TASK ITEM:
If a line in the listing below includes the word "Reference", pick it out.

RECORDS FOR THIS TASK:
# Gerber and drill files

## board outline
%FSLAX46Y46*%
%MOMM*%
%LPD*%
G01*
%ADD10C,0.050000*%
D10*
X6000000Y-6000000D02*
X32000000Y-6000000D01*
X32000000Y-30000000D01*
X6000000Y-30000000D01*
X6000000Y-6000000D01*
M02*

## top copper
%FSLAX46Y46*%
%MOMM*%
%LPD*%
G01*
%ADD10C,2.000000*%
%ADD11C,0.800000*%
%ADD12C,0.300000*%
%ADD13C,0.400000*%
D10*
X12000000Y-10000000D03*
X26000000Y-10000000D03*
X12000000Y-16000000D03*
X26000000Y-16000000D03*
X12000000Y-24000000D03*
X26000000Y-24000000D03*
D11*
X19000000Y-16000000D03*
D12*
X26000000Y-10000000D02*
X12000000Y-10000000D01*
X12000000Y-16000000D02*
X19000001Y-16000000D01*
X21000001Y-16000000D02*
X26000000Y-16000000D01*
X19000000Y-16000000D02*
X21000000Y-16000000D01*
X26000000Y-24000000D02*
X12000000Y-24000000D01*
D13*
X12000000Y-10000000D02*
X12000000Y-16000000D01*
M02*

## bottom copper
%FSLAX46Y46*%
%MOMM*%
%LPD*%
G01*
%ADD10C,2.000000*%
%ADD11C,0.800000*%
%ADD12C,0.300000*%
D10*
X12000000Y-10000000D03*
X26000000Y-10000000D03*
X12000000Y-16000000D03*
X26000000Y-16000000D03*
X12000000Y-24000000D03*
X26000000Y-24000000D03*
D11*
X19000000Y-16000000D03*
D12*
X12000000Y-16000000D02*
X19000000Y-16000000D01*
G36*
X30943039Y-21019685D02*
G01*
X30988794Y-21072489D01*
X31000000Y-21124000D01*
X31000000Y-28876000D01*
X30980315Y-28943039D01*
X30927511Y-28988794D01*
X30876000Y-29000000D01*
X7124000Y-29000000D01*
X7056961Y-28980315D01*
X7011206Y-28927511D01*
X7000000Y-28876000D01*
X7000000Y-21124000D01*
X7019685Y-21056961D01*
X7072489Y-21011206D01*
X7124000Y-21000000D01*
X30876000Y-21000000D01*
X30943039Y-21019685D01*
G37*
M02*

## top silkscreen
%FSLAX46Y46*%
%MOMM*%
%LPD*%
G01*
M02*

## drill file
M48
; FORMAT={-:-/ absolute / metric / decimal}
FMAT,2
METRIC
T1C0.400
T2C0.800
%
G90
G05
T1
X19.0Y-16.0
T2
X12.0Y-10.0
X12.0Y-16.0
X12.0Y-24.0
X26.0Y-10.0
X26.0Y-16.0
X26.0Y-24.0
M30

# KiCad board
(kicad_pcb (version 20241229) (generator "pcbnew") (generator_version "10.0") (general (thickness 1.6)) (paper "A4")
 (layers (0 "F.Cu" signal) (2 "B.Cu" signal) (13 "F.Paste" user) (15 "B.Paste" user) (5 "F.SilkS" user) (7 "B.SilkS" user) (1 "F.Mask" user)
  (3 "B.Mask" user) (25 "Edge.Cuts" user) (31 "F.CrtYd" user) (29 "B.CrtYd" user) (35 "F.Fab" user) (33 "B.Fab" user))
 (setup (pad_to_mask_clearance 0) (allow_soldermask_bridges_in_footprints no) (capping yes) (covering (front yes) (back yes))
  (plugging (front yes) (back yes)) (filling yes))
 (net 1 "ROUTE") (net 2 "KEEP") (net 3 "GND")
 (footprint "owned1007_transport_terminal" (layer "F.Cu") (at 12 10)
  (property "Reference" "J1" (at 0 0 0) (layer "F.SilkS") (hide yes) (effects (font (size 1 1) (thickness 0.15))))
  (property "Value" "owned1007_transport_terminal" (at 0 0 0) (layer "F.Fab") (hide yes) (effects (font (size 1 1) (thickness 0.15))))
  (pad "1" thru_hole circle (at 0 0) (size 2 2) (drill 0.8) (layers "*.Cu" "*.Mask") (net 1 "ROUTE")))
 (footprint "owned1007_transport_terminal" (layer "F.Cu") (at 26 10)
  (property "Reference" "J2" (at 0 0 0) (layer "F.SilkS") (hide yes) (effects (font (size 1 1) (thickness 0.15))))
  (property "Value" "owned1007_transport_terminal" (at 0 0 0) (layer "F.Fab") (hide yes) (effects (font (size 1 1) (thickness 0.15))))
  (pad "1" thru_hole circle (at 0 0) (size 2 2) (drill 0.8) (layers "*.Cu" "*.Mask") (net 1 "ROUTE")))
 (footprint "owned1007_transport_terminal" (layer "F.Cu") (at 12 16)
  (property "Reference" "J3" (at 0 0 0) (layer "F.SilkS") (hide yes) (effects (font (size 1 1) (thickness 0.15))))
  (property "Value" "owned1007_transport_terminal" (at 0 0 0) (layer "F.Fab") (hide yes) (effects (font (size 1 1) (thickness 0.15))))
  (pad "1" thru_hole circle (at 0 0) (size 2 2) (drill 0.8) (layers "*.Cu" "*.Mask") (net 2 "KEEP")))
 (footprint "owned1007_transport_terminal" (layer "F.Cu") (at 26 16)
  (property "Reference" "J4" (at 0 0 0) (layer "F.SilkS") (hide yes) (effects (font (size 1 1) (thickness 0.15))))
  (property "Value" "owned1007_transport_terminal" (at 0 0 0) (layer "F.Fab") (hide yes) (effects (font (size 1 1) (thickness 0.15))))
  (pad "1" thru_hole circle (at 0 0) (size 2 2) (drill 0.8) (layers "*.Cu" "*.Mask") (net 2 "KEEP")))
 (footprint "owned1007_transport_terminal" (layer "F.Cu") (at 12 24)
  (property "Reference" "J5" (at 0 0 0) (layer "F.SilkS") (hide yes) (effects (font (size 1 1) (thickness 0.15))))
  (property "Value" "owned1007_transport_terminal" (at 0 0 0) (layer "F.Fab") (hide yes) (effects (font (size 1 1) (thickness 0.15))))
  (pad "1" thru_hole circle (at 0 0) (size 2 2) (drill 0.8) (layers "*.Cu" "*.Mask") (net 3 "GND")))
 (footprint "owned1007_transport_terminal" (layer "F.Cu") (at 26 24)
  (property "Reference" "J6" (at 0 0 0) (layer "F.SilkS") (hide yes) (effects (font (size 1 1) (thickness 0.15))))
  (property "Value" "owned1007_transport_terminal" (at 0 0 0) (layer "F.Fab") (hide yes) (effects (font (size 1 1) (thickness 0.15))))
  (pad "1" thru_hole circle (at 0 0) (size 2 2) (drill 0.8) (layers "*.Cu" "*.Mask") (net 3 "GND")))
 (gr_rect (start 6 6) (end 32 30) (stroke (width 0.05) (type default)) (fill none) (layer "Edge.Cuts"))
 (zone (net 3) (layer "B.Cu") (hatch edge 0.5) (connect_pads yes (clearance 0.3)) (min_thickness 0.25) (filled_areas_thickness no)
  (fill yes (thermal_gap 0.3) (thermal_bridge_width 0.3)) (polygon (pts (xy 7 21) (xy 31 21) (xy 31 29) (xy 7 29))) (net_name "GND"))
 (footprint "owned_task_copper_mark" (layer "F.Cu") (at 10 28)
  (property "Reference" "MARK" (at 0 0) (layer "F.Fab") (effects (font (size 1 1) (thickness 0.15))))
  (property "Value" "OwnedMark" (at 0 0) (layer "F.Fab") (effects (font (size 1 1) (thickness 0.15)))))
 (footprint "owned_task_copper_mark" (layer "F.Cu") (at 13 28)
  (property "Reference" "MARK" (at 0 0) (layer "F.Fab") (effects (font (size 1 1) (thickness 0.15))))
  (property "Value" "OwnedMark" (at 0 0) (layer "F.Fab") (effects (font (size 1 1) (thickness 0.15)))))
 (segment (start 26 10) (end 12 10) (width 0.3) (layer "F.Cu") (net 1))
 (segment (start 12 16) (end 19.000001 16) (width 0.3) (layer "F.Cu") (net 2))
 (segment (start 21.000001 16) (end 26 16) (width 0.3) (layer "F.Cu") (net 2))
 (segment (start 19 16) (end 21 16) (width 0.3) (layer "F.Cu") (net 2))
 (via (at 19 16) (size 0.8) (drill 0.4) (layers "F.Cu" "B.Cu") (free yes) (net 2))
 (segment (start 12 16) (end 19 16) (width 0.3) (layer "B.Cu") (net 2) (locked yes))
 (segment (start 26 24) (end 12 24) (width 0.3) (layer "F.Cu") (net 3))
 (segment (start 12 10) (end 12 16) (width 0.4) (layer "F.Cu") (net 1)))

OUTPUT:
  (property "Reference" "J1" (at 0 0 0) (layer "F.SilkS") (hide yes) (effects (font (size 1 1) (thickness 0.15))))
  (property "Reference" "J2" (at 0 0 0) (layer "F.SilkS") (hide yes) (effects (font (size 1 1) (thickness 0.15))))
  (property "Reference" "J3" (at 0 0 0) (layer "F.SilkS") (hide yes) (effects (font (size 1 1) (thickness 0.15))))
  (property "Reference" "J4" (at 0 0 0) (layer "F.SilkS") (hide yes) (effects (font (size 1 1) (thickness 0.15))))
  (property "Reference" "J5" (at 0 0 0) (layer "F.SilkS") (hide yes) (effects (font (size 1 1) (thickness 0.15))))
  (property "Reference" "J6" (at 0 0 0) (layer "F.SilkS") (hide yes) (effects (font (size 1 1) (thickness 0.15))))
  (property "Reference" "MARK" (at 0 0) (layer "F.Fab") (effects (font (size 1 1) (thickness 0.15))))
  (property "Reference" "MARK" (at 0 0) (layer "F.Fab") (effects (font (size 1 1) (thickness 0.15))))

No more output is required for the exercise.